# Bestiality Still Legal In 8 States: Texas Next To Outlaw



## Muhammed45

*Bestiality Still Legal In 8 States: Texas Next To Outlaw*
BY JAMIE JOSEPH @JAMIE_ROEBUCK ON 03/31/17 AT 11:50 AM


A bill proceeding in the Texas House would officially make bestiality — or sexual acts with animals — illegal. If found participating in, promoting or witnessing sexual contact with an animal, the subject could be sentenced for up to two years in state prison. If the animal were to suffer major bodily harm or die from sexual contact by a human, the offender could be prosecuted with a second-degree felony charge under the new proposal.

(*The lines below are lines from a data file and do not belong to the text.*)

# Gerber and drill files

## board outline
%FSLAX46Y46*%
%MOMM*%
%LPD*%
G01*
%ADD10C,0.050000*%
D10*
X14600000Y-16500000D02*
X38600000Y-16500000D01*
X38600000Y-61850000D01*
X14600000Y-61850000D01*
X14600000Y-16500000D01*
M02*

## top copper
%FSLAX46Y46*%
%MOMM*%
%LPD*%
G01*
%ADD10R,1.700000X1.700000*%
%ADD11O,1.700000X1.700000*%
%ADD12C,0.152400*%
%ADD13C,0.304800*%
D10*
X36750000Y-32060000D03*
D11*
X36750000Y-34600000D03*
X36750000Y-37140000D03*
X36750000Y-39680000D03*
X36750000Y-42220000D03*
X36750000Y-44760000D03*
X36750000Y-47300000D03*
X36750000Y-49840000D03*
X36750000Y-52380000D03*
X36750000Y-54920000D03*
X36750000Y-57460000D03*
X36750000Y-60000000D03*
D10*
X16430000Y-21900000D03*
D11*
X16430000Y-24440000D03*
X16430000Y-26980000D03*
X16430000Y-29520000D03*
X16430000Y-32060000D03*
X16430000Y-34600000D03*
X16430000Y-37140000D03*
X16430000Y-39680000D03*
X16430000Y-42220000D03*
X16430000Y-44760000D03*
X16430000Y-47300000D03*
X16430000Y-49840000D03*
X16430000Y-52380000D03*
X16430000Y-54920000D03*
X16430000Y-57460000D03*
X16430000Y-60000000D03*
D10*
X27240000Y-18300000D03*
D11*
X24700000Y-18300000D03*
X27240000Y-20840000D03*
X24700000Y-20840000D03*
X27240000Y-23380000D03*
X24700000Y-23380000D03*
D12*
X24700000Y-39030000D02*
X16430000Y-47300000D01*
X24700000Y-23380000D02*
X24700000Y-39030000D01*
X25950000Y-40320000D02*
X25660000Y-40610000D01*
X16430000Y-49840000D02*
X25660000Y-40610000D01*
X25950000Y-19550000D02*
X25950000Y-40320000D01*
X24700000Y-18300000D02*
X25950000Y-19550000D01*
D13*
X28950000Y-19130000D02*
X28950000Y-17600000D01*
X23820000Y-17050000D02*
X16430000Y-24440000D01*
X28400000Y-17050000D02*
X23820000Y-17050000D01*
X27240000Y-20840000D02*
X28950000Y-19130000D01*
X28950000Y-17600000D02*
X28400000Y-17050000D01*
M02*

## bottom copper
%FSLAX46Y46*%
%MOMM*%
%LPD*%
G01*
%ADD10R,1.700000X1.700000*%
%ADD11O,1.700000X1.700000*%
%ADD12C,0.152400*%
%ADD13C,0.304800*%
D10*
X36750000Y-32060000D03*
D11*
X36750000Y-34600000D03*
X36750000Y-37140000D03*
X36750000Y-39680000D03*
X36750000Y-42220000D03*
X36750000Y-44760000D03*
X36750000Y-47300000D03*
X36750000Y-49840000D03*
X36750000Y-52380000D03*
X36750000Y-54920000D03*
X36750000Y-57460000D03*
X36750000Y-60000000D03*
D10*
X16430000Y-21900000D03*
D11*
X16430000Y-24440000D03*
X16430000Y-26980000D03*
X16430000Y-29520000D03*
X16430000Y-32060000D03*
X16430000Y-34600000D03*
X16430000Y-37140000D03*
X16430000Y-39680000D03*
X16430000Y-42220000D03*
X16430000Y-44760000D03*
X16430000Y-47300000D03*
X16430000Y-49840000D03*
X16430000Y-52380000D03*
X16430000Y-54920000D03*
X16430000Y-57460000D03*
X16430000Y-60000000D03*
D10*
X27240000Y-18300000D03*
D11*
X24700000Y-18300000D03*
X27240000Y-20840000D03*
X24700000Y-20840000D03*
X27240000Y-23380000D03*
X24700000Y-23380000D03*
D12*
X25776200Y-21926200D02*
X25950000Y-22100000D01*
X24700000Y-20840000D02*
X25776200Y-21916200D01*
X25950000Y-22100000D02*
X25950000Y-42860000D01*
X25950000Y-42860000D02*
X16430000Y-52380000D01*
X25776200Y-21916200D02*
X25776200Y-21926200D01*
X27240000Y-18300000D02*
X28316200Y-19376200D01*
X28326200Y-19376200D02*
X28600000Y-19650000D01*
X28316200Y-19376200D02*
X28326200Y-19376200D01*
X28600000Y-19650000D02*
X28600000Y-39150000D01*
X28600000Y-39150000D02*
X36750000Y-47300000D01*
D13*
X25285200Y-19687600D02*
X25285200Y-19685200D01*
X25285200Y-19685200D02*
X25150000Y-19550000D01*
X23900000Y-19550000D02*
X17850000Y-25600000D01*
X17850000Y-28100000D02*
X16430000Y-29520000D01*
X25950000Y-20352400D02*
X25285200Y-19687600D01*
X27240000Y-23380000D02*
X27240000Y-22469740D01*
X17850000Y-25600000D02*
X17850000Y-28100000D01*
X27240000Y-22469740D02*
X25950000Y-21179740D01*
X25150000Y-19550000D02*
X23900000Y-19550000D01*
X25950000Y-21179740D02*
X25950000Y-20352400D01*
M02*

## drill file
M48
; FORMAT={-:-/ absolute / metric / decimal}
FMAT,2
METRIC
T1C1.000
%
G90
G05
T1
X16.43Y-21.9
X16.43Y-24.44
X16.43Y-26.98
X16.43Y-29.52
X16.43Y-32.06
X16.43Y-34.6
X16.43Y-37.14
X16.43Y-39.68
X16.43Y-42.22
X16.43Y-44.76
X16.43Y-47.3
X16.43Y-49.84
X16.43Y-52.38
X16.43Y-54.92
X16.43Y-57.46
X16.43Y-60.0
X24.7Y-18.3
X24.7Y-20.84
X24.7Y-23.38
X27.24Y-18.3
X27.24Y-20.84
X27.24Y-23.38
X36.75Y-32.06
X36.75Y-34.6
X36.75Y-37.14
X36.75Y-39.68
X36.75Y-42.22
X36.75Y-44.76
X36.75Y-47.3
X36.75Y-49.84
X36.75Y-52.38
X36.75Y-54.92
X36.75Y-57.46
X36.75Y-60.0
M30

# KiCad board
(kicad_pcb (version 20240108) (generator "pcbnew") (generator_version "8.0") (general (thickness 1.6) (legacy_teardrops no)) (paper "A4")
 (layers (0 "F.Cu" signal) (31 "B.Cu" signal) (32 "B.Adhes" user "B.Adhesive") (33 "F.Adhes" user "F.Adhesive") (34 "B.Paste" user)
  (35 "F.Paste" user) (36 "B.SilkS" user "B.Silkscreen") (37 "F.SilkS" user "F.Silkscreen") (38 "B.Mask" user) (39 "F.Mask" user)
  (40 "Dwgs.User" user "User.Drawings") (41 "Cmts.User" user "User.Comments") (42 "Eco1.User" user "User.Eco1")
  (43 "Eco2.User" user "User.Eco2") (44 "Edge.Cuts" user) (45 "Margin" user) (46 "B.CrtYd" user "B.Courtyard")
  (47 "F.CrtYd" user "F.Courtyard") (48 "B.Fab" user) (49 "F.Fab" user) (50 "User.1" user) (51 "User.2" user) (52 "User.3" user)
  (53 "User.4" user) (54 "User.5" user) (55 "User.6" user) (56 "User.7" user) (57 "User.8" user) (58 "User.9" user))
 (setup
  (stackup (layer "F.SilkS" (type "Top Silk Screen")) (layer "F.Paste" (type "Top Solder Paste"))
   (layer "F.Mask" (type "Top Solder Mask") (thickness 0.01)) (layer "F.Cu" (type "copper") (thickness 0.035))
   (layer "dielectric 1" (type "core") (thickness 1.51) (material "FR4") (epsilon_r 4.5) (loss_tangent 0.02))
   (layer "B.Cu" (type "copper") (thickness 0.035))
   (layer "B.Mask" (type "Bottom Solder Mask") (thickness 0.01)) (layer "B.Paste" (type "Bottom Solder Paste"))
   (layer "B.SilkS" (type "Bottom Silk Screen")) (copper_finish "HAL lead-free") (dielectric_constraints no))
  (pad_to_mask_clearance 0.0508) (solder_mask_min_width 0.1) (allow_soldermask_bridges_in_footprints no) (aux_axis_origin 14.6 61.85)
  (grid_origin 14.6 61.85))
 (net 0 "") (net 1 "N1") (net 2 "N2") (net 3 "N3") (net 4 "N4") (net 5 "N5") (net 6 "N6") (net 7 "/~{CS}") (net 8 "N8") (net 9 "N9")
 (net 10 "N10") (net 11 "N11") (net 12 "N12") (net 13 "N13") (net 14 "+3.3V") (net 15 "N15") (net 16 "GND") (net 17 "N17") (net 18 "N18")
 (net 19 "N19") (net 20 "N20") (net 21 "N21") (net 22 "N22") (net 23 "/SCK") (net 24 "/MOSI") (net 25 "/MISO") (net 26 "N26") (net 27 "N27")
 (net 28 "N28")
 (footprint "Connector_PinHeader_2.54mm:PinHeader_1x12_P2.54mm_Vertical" (layer "F.Cu") (at 36.75 32.06)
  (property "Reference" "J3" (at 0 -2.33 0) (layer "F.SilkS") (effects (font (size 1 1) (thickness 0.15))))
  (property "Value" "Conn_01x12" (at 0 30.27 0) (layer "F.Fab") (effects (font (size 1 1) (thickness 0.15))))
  (pad "1" thru_hole rect (at 0 0) (size 1.7 1.7) (drill 1) (layers "*.Cu" "*.Mask") (remove_unused_layers no) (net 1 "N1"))
  (pad "2" thru_hole oval (at 0 2.54) (size 1.7 1.7) (drill 1) (layers "*.Cu" "*.Mask") (remove_unused_layers no) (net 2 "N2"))
  (pad "3" thru_hole oval (at 0 5.08) (size 1.7 1.7) (drill 1) (layers "*.Cu" "*.Mask") (remove_unused_layers no) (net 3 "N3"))
  (pad "4" thru_hole oval (at 0 7.62) (size 1.7 1.7) (drill 1) (layers "*.Cu" "*.Mask") (remove_unused_layers no) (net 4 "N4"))
  (pad "5" thru_hole oval (at 0 10.16) (size 1.7 1.7) (drill 1) (layers "*.Cu" "*.Mask") (remove_unused_layers no) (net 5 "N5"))
  (pad "6" thru_hole oval (at 0 12.7) (size 1.7 1.7) (drill 1) (layers "*.Cu" "*.Mask") (remove_unused_layers no) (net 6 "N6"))
  (pad "7" thru_hole oval (at 0 15.24) (size 1.7 1.7) (drill 1) (layers "*.Cu" "*.Mask") (remove_unused_layers no) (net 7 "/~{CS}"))
  (pad "8" thru_hole oval (at 0 17.78) (size 1.7 1.7) (drill 1) (layers "*.Cu" "*.Mask") (remove_unused_layers no) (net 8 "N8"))
  (pad "9" thru_hole oval (at 0 20.32) (size 1.7 1.7) (drill 1) (layers "*.Cu" "*.Mask") (remove_unused_layers no) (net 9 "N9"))
  (pad "10" thru_hole oval (at 0 22.86) (size 1.7 1.7) (drill 1) (layers "*.Cu" "*.Mask") (remove_unused_layers no) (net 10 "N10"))
  (pad "11" thru_hole oval (at 0 25.4) (size 1.7 1.7) (drill 1) (layers "*.Cu" "*.Mask") (remove_unused_layers no) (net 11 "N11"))
  (pad "12" thru_hole oval (at 0 27.94) (size 1.7 1.7) (drill 1) (layers "*.Cu" "*.Mask") (remove_unused_layers no) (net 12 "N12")))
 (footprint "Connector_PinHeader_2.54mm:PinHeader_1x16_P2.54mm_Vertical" (layer "F.Cu") (at 16.43 21.9)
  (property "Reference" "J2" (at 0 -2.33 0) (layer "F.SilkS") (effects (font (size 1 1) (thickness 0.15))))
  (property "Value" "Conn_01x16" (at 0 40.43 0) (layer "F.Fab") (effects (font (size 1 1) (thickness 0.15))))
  (pad "1" thru_hole rect (at 0 0) (size 1.7 1.7) (drill 1) (layers "*.Cu" "*.Mask") (remove_unused_layers no) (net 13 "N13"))
  (pad "2" thru_hole oval (at 0 2.54) (size 1.7 1.7) (drill 1) (layers "*.Cu" "*.Mask") (remove_unused_layers no) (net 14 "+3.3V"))
  (pad "3" thru_hole oval (at 0 5.08) (size 1.7 1.7) (drill 1) (layers "*.Cu" "*.Mask") (remove_unused_layers no) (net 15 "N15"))
  (pad "4" thru_hole oval (at 0 7.62) (size 1.7 1.7) (drill 1) (layers "*.Cu" "*.Mask") (remove_unused_layers no) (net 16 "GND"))
  (pad "5" thru_hole oval (at 0 10.16) (size 1.7 1.7) (drill 1) (layers "*.Cu" "*.Mask") (remove_unused_layers no) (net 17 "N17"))
  (pad "6" thru_hole oval (at 0 12.7) (size 1.7 1.7) (drill 1) (layers "*.Cu" "*.Mask") (remove_unused_layers no) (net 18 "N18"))
  (pad "7" thru_hole oval (at 0 15.24) (size 1.7 1.7) (drill 1) (layers "*.Cu" "*.Mask") (remove_unused_layers no) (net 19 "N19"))
  (pad "8" thru_hole oval (at 0 17.78) (size 1.7 1.7) (drill 1) (layers "*.Cu" "*.Mask") (remove_unused_layers no) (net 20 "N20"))
  (pad "9" thru_hole oval (at 0 20.32) (size 1.7 1.7) (drill 1) (layers "*.Cu" "*.Mask") (remove_unused_layers no) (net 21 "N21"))
  (pad "10" thru_hole oval (at 0 22.86) (size 1.7 1.7) (drill 1) (layers "*.Cu" "*.Mask") (remove_unused_layers no) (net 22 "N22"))
  (pad "11" thru_hole oval (at 0 25.4) (size 1.7 1.7) (drill 1) (layers "*.Cu" "*.Mask") (remove_unused_layers no) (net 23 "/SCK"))
  (pad "12" thru_hole oval (at 0 27.94) (size 1.7 1.7) (drill 1) (layers "*.Cu" "*.Mask") (remove_unused_layers no) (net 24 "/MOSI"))
  (pad "13" thru_hole oval (at 0 30.48) (size 1.7 1.7) (drill 1) (layers "*.Cu" "*.Mask") (remove_unused_layers no) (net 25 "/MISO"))
  (pad "14" thru_hole oval (at 0 33.02) (size 1.7 1.7) (drill 1) (layers "*.Cu" "*.Mask") (remove_unused_layers no) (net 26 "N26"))
  (pad "15" thru_hole oval (at 0 35.56) (size 1.7 1.7) (drill 1) (layers "*.Cu" "*.Mask") (remove_unused_layers no) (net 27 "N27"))
  (pad "16" thru_hole oval (at 0 38.1) (size 1.7 1.7) (drill 1) (layers "*.Cu" "*.Mask") (remove_unused_layers no) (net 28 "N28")))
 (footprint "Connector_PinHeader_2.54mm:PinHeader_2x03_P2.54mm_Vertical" (layer "B.Cu") (at 27.24 18.3 180)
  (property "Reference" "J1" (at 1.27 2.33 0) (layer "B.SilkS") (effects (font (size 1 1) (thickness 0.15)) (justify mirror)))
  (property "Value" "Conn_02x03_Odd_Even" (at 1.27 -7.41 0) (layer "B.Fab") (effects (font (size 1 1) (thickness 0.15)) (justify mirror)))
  (pad "1" thru_hole rect (at 0 0 180) (size 1.7 1.7) (drill 1) (layers "*.Cu" "*.Mask") (remove_unused_layers no) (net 7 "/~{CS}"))
  (pad "2" thru_hole oval (at 2.54 0 180) (size 1.7 1.7) (drill 1) (layers "*.Cu" "*.Mask") (remove_unused_layers no) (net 24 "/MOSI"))
  (pad "3" thru_hole oval (at 0 -2.54 180) (size 1.7 1.7) (drill 1) (layers "*.Cu" "*.Mask") (remove_unused_layers no) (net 14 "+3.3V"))
  (pad "4" thru_hole oval (at 2.54 -2.54 180) (size 1.7 1.7) (drill 1) (layers "*.Cu" "*.Mask") (remove_unused_layers no) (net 25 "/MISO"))
  (pad "5" thru_hole oval (at 0 -5.08 180) (size 1.7 1.7) (drill 1) (layers "*.Cu" "*.Mask") (remove_unused_layers no) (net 16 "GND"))
  (pad "6" thru_hole oval (at 2.54 -5.08 180) (size 1.7 1.7) (drill 1) (layers "*.Cu" "*.Mask") (remove_unused_layers no) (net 23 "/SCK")))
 (gr_rect (start 14.6 16.5) (end 38.6 61.85) (stroke (width 0.05) (type default)) (fill none) (layer "Edge.Cuts"))
 (segment (start 25.7762 21.9262) (end 25.95 22.1) (width 0.1524) (layer "B.Cu") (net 25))
 (segment (start 24.7 20.84) (end 25.7762 21.9162) (width 0.1524) (layer "B.Cu") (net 25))
 (segment (start 25.95 22.1) (end 25.95 42.86) (width 0.1524) (layer "B.Cu") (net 25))
 (segment (start 25.95 42.86) (end 16.43 52.38) (width 0.1524) (layer "B.Cu") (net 25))
 (segment (start 25.7762 21.9162) (end 25.7762 21.9262) (width 0.1524) (layer "B.Cu") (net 25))
 (segment (start 24.7 39.03) (end 16.43 47.3) (width 0.1524) (layer "F.Cu") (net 23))
 (segment (start 24.7 23.38) (end 24.7 39.03) (width 0.1524) (layer "F.Cu") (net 23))
 (segment (start 25.95 40.32) (end 25.66 40.61) (width 0.1524) (layer "F.Cu") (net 24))
 (segment (start 16.43 49.84) (end 25.66 40.61) (width 0.1524) (layer "F.Cu") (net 24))
 (segment (start 25.95 19.55) (end 25.95 40.32) (width 0.1524) (layer "F.Cu") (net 24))
 (segment (start 24.7 18.3) (end 25.95 19.55) (width 0.1524) (layer "F.Cu") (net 24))
 (segment (start 27.24 18.3) (end 28.3162 19.3762) (width 0.1524) (layer "B.Cu") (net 7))
 (segment (start 28.3262 19.3762) (end 28.6 19.65) (width 0.1524) (layer "B.Cu") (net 7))
 (segment (start 28.3162 19.3762) (end 28.3262 19.3762) (width 0.1524) (layer "B.Cu") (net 7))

Forty-two states made bestiality a crime, while Hawaii, Kentucky, Nevada, New Mexico, Vermont, West Virginia, Wyoming and Texas were the only states that had no direct ban for sexual contact with an animal. 

_*Read: *German Bestiality Law: Challenge To Ban On Sex With Animals Thrown Out Of Court_

State Rep. Carol Alvarado, the author of Texas House Bill 1087, told the Texas Tribune Friday that in the state's current laws, "There's nothing in the law that protects animals from sexual abuse."

Alvarado said the law would protect children from pedophiles and sexual violence due to the results of a sexual offense study in 2008, which found that child sex abuse was higher if the perpetrator had previous relations with an animal. 

"I don't know how somebody can turn a blind eye to that, defend that or ignore that," Alvarado said.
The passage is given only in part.